[[ Data provided, beginning ]]

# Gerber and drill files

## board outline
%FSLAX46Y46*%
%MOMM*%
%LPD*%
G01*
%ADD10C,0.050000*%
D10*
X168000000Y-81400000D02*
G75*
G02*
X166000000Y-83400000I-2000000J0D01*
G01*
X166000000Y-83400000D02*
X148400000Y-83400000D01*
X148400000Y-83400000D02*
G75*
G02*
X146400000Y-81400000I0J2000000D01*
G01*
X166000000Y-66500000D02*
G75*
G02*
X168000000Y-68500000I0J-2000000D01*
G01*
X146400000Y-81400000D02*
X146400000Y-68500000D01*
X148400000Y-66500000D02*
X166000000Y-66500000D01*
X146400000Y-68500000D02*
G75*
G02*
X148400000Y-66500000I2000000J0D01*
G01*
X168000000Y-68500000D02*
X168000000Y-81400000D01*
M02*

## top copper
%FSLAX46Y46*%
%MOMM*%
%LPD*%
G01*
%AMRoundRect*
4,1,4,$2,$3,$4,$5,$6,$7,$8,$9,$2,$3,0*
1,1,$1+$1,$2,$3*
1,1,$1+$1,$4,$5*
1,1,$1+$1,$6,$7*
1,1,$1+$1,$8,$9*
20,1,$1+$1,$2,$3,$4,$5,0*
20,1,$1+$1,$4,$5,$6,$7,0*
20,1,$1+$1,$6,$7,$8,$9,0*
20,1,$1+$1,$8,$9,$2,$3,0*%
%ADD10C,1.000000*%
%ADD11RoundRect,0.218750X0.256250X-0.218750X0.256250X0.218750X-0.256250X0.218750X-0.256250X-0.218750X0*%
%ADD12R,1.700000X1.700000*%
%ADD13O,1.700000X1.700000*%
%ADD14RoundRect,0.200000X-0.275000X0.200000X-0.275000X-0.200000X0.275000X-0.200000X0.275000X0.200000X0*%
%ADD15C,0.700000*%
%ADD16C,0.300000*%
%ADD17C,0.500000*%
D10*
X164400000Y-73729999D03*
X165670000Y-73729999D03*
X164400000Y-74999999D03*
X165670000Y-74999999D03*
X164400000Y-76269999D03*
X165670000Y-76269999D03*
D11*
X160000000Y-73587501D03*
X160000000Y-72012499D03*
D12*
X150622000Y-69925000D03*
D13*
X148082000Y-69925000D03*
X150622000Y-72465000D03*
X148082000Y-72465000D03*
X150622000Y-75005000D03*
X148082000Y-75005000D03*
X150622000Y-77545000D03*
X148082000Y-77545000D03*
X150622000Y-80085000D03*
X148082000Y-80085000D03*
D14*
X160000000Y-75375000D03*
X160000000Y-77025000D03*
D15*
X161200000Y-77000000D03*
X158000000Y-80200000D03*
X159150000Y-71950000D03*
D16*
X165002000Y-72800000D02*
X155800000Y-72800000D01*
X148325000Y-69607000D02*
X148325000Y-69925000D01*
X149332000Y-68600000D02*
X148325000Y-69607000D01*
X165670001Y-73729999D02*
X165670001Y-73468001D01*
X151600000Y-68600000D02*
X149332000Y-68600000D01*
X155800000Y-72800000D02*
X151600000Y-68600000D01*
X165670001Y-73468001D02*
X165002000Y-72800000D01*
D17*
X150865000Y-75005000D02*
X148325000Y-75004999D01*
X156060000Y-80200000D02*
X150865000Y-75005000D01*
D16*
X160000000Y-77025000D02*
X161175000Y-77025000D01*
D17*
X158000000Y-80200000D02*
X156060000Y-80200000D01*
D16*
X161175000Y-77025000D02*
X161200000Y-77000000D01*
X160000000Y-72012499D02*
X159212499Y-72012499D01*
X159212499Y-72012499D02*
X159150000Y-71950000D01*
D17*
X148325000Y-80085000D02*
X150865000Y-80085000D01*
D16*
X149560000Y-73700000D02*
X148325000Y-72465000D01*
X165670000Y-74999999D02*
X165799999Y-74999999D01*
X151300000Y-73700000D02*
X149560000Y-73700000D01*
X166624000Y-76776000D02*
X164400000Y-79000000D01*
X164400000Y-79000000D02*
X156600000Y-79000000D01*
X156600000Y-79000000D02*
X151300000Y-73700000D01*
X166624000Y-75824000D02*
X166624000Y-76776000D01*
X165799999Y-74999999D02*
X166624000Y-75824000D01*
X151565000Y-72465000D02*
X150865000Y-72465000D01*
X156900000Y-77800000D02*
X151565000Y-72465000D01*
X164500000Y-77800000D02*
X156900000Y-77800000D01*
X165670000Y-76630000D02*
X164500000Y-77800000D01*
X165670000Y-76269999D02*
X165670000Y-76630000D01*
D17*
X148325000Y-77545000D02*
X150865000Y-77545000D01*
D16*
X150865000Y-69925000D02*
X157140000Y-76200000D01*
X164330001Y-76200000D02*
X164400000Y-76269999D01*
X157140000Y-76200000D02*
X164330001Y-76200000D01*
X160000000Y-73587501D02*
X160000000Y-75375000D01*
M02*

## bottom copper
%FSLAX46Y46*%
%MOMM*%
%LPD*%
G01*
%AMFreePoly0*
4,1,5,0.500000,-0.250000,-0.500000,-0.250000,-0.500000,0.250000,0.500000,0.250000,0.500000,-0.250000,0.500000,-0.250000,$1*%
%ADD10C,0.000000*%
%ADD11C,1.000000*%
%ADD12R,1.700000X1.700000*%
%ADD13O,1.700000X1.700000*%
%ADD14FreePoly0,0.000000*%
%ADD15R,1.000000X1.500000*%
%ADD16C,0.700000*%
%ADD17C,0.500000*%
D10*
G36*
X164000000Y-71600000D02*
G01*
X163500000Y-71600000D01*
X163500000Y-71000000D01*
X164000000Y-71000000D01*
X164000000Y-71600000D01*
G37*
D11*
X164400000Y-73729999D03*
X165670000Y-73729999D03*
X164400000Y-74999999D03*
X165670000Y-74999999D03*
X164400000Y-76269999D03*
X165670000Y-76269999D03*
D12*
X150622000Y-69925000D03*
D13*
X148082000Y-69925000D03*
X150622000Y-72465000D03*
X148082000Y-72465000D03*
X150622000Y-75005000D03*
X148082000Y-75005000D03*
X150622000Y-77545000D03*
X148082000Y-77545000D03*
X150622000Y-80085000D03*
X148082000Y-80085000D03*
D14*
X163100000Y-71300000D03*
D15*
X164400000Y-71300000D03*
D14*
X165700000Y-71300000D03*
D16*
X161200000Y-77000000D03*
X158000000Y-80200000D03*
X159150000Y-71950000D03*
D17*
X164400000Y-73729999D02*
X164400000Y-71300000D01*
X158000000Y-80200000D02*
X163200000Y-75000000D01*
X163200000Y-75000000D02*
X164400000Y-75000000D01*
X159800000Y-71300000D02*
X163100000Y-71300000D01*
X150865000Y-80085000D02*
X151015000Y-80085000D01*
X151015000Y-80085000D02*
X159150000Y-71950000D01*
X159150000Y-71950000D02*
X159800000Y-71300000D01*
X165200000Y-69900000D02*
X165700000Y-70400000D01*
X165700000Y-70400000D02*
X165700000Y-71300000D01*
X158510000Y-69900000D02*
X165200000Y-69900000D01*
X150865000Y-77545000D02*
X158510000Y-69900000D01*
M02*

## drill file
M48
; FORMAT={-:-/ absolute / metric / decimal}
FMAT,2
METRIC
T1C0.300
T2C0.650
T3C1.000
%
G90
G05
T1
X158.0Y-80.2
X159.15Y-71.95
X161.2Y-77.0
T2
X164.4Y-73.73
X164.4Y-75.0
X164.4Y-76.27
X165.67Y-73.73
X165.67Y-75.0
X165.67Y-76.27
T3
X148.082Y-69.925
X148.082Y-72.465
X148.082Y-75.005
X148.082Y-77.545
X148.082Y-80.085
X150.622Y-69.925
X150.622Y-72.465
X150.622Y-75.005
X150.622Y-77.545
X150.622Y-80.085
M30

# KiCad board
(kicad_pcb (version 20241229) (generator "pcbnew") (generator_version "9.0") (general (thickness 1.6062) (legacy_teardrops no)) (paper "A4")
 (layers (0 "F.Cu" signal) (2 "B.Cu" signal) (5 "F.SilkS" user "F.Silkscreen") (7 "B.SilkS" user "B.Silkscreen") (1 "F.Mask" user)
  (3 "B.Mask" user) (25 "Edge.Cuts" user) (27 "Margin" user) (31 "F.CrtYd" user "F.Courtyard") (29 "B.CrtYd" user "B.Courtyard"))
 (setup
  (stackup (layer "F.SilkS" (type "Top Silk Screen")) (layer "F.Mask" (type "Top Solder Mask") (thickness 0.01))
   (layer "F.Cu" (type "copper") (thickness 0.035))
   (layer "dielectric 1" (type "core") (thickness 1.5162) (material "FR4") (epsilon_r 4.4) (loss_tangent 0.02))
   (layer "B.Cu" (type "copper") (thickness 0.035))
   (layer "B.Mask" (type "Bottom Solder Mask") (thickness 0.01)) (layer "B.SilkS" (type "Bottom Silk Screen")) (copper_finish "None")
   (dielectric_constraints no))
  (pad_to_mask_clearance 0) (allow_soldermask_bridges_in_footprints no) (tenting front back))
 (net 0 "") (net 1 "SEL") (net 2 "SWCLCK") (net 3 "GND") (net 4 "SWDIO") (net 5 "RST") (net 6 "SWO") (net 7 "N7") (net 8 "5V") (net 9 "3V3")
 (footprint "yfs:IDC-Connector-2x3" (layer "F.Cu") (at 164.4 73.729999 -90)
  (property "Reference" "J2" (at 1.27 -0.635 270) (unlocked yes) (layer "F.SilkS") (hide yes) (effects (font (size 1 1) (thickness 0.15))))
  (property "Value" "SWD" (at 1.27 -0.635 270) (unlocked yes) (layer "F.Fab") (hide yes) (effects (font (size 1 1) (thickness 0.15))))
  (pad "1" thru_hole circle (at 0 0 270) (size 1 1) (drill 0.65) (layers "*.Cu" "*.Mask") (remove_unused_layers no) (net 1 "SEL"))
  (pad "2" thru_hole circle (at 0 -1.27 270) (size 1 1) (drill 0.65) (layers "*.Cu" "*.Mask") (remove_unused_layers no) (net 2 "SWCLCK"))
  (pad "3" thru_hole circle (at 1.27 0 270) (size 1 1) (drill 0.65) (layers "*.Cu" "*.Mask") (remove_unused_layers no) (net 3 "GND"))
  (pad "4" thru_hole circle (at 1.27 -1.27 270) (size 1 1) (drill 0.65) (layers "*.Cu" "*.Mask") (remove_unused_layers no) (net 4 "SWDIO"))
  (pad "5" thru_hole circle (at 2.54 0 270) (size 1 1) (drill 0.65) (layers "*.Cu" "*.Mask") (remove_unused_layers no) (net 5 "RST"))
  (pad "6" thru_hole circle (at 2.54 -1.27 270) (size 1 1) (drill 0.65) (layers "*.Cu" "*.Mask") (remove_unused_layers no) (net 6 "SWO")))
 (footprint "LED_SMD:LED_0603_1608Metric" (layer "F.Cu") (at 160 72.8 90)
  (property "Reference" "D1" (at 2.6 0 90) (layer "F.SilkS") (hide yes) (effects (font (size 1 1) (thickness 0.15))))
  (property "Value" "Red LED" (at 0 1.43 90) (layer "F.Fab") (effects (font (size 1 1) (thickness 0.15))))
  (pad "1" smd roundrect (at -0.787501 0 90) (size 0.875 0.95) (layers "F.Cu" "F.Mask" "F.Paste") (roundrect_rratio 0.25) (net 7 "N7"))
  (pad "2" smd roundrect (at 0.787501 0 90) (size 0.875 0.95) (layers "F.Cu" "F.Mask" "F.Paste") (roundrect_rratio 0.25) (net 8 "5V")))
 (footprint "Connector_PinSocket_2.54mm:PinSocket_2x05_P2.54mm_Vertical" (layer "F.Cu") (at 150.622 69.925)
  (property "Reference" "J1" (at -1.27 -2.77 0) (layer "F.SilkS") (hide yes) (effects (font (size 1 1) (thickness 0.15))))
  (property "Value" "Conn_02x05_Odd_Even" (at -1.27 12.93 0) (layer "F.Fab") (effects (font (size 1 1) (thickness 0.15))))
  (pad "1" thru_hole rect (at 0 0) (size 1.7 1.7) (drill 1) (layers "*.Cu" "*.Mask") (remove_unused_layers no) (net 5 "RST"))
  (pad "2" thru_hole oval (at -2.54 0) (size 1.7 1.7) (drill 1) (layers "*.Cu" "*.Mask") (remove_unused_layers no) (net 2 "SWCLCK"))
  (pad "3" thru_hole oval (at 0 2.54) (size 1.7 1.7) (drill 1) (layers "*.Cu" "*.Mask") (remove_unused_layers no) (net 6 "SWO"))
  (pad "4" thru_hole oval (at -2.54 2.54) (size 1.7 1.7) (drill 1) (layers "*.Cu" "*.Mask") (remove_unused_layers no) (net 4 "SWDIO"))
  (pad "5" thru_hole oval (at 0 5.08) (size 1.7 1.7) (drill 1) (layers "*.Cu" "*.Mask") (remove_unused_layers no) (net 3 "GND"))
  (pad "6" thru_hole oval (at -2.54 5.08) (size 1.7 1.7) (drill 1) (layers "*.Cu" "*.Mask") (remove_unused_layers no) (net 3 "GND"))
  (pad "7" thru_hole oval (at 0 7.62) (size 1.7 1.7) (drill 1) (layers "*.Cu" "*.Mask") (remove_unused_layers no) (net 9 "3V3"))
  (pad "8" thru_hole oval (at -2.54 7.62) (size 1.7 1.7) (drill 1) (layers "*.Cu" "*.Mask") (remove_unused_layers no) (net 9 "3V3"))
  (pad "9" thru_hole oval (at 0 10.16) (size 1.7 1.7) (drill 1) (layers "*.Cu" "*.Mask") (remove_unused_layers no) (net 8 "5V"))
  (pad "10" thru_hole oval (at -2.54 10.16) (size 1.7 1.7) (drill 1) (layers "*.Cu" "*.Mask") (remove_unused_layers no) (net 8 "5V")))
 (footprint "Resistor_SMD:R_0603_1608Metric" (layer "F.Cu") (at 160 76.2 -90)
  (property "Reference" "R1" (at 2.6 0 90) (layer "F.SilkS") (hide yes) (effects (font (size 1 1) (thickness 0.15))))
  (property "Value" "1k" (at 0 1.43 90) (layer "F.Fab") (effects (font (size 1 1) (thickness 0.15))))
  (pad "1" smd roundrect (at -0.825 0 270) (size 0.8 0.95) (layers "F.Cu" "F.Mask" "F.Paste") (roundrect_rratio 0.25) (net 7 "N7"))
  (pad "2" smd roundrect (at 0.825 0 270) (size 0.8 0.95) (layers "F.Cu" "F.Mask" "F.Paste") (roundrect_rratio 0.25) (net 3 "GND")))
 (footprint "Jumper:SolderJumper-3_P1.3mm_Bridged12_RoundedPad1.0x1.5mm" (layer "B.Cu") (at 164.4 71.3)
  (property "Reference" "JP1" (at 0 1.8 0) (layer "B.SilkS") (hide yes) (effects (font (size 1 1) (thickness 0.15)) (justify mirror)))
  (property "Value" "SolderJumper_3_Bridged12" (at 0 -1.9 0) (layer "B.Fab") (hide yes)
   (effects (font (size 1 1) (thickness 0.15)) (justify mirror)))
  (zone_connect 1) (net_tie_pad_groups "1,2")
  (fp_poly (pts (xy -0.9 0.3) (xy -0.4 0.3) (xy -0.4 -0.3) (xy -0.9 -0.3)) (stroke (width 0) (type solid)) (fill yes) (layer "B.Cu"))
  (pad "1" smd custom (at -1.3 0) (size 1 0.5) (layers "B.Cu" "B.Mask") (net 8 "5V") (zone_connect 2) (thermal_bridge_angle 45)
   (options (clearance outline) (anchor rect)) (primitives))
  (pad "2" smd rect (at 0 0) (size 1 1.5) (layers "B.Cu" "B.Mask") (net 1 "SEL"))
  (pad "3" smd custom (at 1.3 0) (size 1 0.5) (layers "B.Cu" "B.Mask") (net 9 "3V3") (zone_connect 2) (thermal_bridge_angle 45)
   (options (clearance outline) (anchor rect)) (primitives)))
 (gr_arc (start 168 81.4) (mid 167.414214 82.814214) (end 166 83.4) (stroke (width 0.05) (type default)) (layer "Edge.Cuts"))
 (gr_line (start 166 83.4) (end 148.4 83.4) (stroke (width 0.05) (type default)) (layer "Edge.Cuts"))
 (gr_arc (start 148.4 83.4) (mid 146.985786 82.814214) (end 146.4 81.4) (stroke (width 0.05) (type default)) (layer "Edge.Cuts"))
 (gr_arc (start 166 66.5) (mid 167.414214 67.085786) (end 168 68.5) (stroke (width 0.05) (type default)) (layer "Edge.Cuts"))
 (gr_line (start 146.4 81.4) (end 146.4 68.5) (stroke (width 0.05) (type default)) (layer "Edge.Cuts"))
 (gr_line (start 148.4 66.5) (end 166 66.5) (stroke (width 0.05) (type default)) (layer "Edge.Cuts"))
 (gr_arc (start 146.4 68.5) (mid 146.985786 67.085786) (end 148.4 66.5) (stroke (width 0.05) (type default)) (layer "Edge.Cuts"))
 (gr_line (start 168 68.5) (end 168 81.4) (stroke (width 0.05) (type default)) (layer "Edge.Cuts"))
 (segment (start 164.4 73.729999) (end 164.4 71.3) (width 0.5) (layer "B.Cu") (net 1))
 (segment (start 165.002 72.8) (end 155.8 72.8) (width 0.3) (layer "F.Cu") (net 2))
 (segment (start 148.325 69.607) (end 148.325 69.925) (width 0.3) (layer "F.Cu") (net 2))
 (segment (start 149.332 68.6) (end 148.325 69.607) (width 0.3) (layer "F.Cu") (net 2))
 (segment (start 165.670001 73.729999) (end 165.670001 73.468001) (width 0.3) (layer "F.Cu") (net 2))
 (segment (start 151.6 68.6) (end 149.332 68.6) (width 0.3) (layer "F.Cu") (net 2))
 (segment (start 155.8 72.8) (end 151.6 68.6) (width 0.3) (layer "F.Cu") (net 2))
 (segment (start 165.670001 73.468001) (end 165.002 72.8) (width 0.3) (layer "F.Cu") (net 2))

[[ Data provided, end ]]

## Assigned task
Some of the data mentions "user". Copy every line where it does.

## Output
 (layers (0 "F.Cu" signal) (2 "B.Cu" signal) (5 "F.SilkS" user "F.Silkscreen") (7 "B.SilkS" user "B.Silkscreen") (1 "F.Mask" user)
  (3 "B.Mask" user) (25 "Edge.Cuts" user) (27 "Margin" user) (31 "F.CrtYd" user "F.Courtyard") (29 "B.CrtYd" user "B.Courtyard"))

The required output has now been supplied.